> **What you will do**
Once you reach the line containing "(37 F.SilkS user)" in the data below, restate each line word for word up to and including the one containing "(44 Edge.Cuts user)".

[Stored items]
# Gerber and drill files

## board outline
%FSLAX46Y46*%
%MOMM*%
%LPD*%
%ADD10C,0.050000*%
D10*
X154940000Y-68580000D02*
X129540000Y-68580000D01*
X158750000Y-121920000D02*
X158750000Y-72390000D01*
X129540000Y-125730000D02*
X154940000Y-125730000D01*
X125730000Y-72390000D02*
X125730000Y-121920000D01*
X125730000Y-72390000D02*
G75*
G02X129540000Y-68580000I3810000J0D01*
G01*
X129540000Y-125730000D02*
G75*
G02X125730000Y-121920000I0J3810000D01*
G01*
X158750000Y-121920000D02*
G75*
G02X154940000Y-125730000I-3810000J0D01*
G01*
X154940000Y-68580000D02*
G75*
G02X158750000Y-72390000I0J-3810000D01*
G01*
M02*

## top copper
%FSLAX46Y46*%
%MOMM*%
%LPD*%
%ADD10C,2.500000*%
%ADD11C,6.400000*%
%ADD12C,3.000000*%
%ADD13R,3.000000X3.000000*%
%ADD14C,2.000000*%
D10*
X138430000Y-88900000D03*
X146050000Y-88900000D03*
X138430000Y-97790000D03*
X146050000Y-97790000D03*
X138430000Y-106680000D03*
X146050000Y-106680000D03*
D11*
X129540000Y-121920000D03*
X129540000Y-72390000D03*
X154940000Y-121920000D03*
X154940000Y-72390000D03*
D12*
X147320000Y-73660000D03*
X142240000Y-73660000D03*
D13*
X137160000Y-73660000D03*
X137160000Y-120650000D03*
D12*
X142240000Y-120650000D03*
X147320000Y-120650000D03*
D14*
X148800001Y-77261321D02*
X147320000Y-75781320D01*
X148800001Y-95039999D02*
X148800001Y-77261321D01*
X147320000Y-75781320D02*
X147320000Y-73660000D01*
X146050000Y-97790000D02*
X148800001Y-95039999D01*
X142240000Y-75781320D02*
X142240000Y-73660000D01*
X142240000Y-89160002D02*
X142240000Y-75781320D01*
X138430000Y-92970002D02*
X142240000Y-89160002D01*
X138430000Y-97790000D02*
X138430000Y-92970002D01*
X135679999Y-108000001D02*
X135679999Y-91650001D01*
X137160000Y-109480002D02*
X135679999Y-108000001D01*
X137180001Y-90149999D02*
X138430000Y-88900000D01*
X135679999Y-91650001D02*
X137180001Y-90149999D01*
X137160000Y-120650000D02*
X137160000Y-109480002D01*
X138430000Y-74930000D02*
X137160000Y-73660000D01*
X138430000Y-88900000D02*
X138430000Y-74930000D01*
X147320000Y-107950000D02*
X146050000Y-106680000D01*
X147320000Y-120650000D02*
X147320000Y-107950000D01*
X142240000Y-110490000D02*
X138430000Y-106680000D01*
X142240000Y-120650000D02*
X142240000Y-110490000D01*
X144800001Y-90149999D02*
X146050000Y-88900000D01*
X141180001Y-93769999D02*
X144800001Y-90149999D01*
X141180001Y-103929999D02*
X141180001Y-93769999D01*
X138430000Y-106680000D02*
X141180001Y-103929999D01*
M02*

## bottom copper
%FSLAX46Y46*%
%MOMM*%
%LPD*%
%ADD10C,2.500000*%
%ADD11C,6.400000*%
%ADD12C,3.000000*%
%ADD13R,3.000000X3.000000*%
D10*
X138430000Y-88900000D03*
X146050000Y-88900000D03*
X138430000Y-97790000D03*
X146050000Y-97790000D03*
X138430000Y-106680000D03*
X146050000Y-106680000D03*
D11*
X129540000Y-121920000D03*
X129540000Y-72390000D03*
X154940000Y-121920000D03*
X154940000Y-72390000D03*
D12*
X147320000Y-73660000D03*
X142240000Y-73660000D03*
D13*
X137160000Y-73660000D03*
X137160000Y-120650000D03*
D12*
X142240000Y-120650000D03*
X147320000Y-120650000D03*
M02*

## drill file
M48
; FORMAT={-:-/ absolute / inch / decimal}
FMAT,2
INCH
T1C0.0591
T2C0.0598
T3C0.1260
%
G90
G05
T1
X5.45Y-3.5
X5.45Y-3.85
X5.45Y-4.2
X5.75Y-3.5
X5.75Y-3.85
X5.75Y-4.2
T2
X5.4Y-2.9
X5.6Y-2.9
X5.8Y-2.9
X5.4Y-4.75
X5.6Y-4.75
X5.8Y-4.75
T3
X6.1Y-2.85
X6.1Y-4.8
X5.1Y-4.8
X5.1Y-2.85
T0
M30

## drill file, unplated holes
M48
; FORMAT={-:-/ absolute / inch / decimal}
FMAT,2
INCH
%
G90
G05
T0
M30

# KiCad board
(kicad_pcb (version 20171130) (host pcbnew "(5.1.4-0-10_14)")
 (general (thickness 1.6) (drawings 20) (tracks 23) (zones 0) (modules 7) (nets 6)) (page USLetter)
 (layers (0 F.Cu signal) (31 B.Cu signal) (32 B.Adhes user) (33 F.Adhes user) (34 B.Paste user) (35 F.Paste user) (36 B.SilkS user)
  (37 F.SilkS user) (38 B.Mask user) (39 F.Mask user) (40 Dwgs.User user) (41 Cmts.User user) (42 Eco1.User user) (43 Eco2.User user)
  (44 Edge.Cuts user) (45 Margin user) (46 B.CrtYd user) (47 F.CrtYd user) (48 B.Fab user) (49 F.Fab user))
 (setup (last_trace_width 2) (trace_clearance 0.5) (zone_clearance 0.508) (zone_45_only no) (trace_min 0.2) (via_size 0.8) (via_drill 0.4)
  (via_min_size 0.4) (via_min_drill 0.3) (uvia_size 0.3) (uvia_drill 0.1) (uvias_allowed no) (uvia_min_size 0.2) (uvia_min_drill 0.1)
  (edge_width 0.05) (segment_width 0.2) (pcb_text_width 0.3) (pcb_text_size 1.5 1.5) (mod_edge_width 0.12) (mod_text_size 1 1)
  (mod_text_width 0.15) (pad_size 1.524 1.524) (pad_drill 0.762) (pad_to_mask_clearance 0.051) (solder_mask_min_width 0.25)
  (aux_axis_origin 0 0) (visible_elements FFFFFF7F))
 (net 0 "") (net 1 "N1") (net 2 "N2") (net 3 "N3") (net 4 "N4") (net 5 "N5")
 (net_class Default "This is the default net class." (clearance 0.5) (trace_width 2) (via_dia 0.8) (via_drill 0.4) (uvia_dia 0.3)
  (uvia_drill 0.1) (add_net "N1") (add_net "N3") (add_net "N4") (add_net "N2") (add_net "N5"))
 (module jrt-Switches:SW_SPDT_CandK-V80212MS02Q (layer F.Cu) (at 142.24 97.79)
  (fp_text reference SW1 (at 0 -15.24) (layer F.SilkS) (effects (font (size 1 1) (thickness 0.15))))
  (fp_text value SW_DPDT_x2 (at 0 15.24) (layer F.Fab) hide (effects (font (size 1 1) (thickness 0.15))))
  (pad 1 thru_hole circle (at -3.81 -8.89) (size 2.5 2.5) (drill 1.5) (layers *.Cu *.Mask) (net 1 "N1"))
  (pad 4 thru_hole circle (at 3.81 -8.89) (size 2.5 2.5) (drill 1.5) (layers *.Cu *.Mask) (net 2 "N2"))
  (pad 2 thru_hole circle (at -3.81 0) (size 2.5 2.5) (drill 1.5) (layers *.Cu *.Mask) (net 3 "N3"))
  (pad 5 thru_hole circle (at 3.81 0) (size 2.5 2.5) (drill 1.5) (layers *.Cu *.Mask) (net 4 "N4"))
  (pad 3 thru_hole circle (at -3.81 8.89) (size 2.5 2.5) (drill 1.5) (layers *.Cu *.Mask) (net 2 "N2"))
  (pad 6 thru_hole circle (at 3.81 8.89) (size 2.5 2.5) (drill 1.5) (layers *.Cu *.Mask) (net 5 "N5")))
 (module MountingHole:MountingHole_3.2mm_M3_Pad (layer F.Cu) (at 129.54 121.92)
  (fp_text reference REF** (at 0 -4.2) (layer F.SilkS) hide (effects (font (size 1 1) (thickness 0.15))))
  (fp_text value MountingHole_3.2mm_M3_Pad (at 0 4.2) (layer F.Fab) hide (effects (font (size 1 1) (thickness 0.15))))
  (pad 1 thru_hole circle (at 0 0) (size 6.4 6.4) (drill 3.2) (layers *.Cu *.Mask)))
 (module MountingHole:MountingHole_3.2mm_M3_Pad (layer F.Cu) (at 129.54 72.39)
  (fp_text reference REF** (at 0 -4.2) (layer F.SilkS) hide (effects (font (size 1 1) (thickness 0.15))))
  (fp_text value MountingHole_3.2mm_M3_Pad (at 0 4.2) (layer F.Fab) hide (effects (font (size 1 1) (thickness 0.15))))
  (pad 1 thru_hole circle (at 0 0) (size 6.4 6.4) (drill 3.2) (layers *.Cu *.Mask)))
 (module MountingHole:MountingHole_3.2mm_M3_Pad (layer F.Cu) (at 154.94 121.92)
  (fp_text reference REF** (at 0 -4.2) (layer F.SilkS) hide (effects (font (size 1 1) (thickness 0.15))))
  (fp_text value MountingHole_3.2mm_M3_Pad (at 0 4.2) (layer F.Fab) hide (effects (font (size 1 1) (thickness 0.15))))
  (pad 1 thru_hole circle (at 0 0) (size 6.4 6.4) (drill 3.2) (layers *.Cu *.Mask)))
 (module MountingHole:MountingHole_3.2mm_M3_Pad (layer F.Cu) (at 154.94 72.39)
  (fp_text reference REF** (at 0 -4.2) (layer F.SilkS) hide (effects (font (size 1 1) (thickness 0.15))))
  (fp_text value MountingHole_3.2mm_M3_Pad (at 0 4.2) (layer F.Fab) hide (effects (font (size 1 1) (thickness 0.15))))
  (pad 1 thru_hole circle (at 0 0) (size 6.4 6.4) (drill 3.2) (layers *.Cu *.Mask)))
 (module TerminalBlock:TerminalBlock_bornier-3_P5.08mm (layer F.Cu) (at 137.16 73.66)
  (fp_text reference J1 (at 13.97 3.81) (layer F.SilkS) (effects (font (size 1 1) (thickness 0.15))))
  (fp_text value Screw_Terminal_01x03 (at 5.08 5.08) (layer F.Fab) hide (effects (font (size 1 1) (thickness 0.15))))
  (pad 3 thru_hole circle (at 10.16 0) (size 3 3) (drill 1.52) (layers *.Cu *.Mask) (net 4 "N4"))
  (pad 2 thru_hole circle (at 5.08 0) (size 3 3) (drill 1.52) (layers *.Cu *.Mask) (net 3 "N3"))
  (pad 1 thru_hole rect (at 0 0) (size 3 3) (drill 1.52) (layers *.Cu *.Mask) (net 1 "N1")))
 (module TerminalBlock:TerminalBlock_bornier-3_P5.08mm (layer F.Cu) (at 137.16 120.65)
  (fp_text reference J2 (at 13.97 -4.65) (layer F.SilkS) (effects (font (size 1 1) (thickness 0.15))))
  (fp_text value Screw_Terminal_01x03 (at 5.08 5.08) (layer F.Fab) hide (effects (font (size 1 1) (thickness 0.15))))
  (pad 1 thru_hole rect (at 0 0) (size 3 3) (drill 1.52) (layers *.Cu *.Mask) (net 1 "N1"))
  (pad 2 thru_hole circle (at 5.08 0) (size 3 3) (drill 1.52) (layers *.Cu *.Mask) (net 2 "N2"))
  (pad 3 thru_hole circle (at 10.16 0) (size 3 3) (drill 1.52) (layers *.Cu *.Mask) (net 5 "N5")))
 (gr_line (start 154.94 68.58) (end 129.54 68.58) (layer Edge.Cuts) (width 0.05))
 (gr_line (start 158.75 121.92) (end 158.75 72.39) (layer Edge.Cuts) (width 0.05))
 (gr_line (start 129.54 125.73) (end 154.94 125.73) (layer Edge.Cuts) (width 0.05))
 (gr_line (start 125.73 72.39) (end 125.73 121.92) (layer Edge.Cuts) (width 0.05))
 (gr_arc (start 129.54 72.39) (end 129.54 68.58) (angle -90) (layer Edge.Cuts) (width 0.05))
 (gr_arc (start 129.54 121.92) (end 125.73 121.92) (angle -90) (layer Edge.Cuts) (width 0.05))
 (gr_arc (start 154.94 121.92) (end 154.94 125.73) (angle -90) (layer Edge.Cuts) (width 0.05))
 (gr_arc (start 154.94 72.39) (end 158.75 72.39) (angle -90) (layer Edge.Cuts) (width 0.05))
 (segment (start 148.800001 77.261321) (end 147.32 75.78132) (width 2) (layer F.Cu) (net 4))
 (segment (start 148.800001 95.039999) (end 148.800001 77.261321) (width 2) (layer F.Cu) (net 4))
 (segment (start 147.32 75.78132) (end 147.32 73.66) (width 2) (layer F.Cu) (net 4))
 (segment (start 146.05 97.79) (end 148.800001 95.039999) (width 2) (layer F.Cu) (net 4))
 (segment (start 142.24 75.78132) (end 142.24 73.66) (width 2) (layer F.Cu) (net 3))
 (segment (start 142.24 89.160002) (end 142.24 75.78132) (width 2) (layer F.Cu) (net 3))
 (segment (start 138.43 92.970002) (end 142.24 89.160002) (width 2) (layer F.Cu) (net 3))
 (segment (start 138.43 97.79) (end 138.43 92.970002) (width 2) (layer F.Cu) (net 3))
 (segment (start 135.679999 108.000001) (end 135.679999 91.650001) (width 2) (layer F.Cu) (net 1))
 (segment (start 137.16 109.480002) (end 135.679999 108.000001) (width 2) (layer F.Cu) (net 1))
 (segment (start 137.180001 90.149999) (end 138.43 88.9) (width 2) (layer F.Cu) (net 1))
 (segment (start 135.679999 91.650001) (end 137.180001 90.149999) (width 2) (layer F.Cu) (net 1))
 (segment (start 137.16 120.65) (end 137.16 109.480002) (width 2) (layer F.Cu) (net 1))
 (segment (start 138.43 74.93) (end 137.16 73.66) (width 2) (layer F.Cu) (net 1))
 (segment (start 138.43 88.9) (end 138.43 74.93) (width 2) (layer F.Cu) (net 1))
 (segment (start 147.32 107.95) (end 146.05 106.68) (width 2) (layer F.Cu) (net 5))
 (segment (start 147.32 120.65) (end 147.32 107.95) (width 2) (layer F.Cu) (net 5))
 (segment (start 142.24 110.49) (end 138.43 106.68) (width 2) (layer F.Cu) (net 2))
 (segment (start 142.24 120.65) (end 142.24 110.49) (width 2) (layer F.Cu) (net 2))
 (segment (start 144.800001 90.149999) (end 146.05 88.9) (width 2) (layer F.Cu) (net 2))
 (segment (start 141.180001 93.769999) (end 144.800001 90.149999) (width 2) (layer F.Cu) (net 2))
 (segment (start 141.180001 103.929999) (end 141.180001 93.769999) (width 2) (layer F.Cu) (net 2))
 (segment (start 138.43 106.68) (end 141.180001 103.929999) (width 2) (layer F.Cu) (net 2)))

> **Result below**
  (37 F.SilkS user) (38 B.Mask user) (39 F.Mask user) (40 Dwgs.User user) (41 Cmts.User user) (42 Eco1.User user) (43 Eco2.User user)
  (44 Edge.Cuts user) (45 Margin user) (46 B.CrtYd user) (47 F.CrtYd user) (48 B.Fab user) (49 F.Fab user))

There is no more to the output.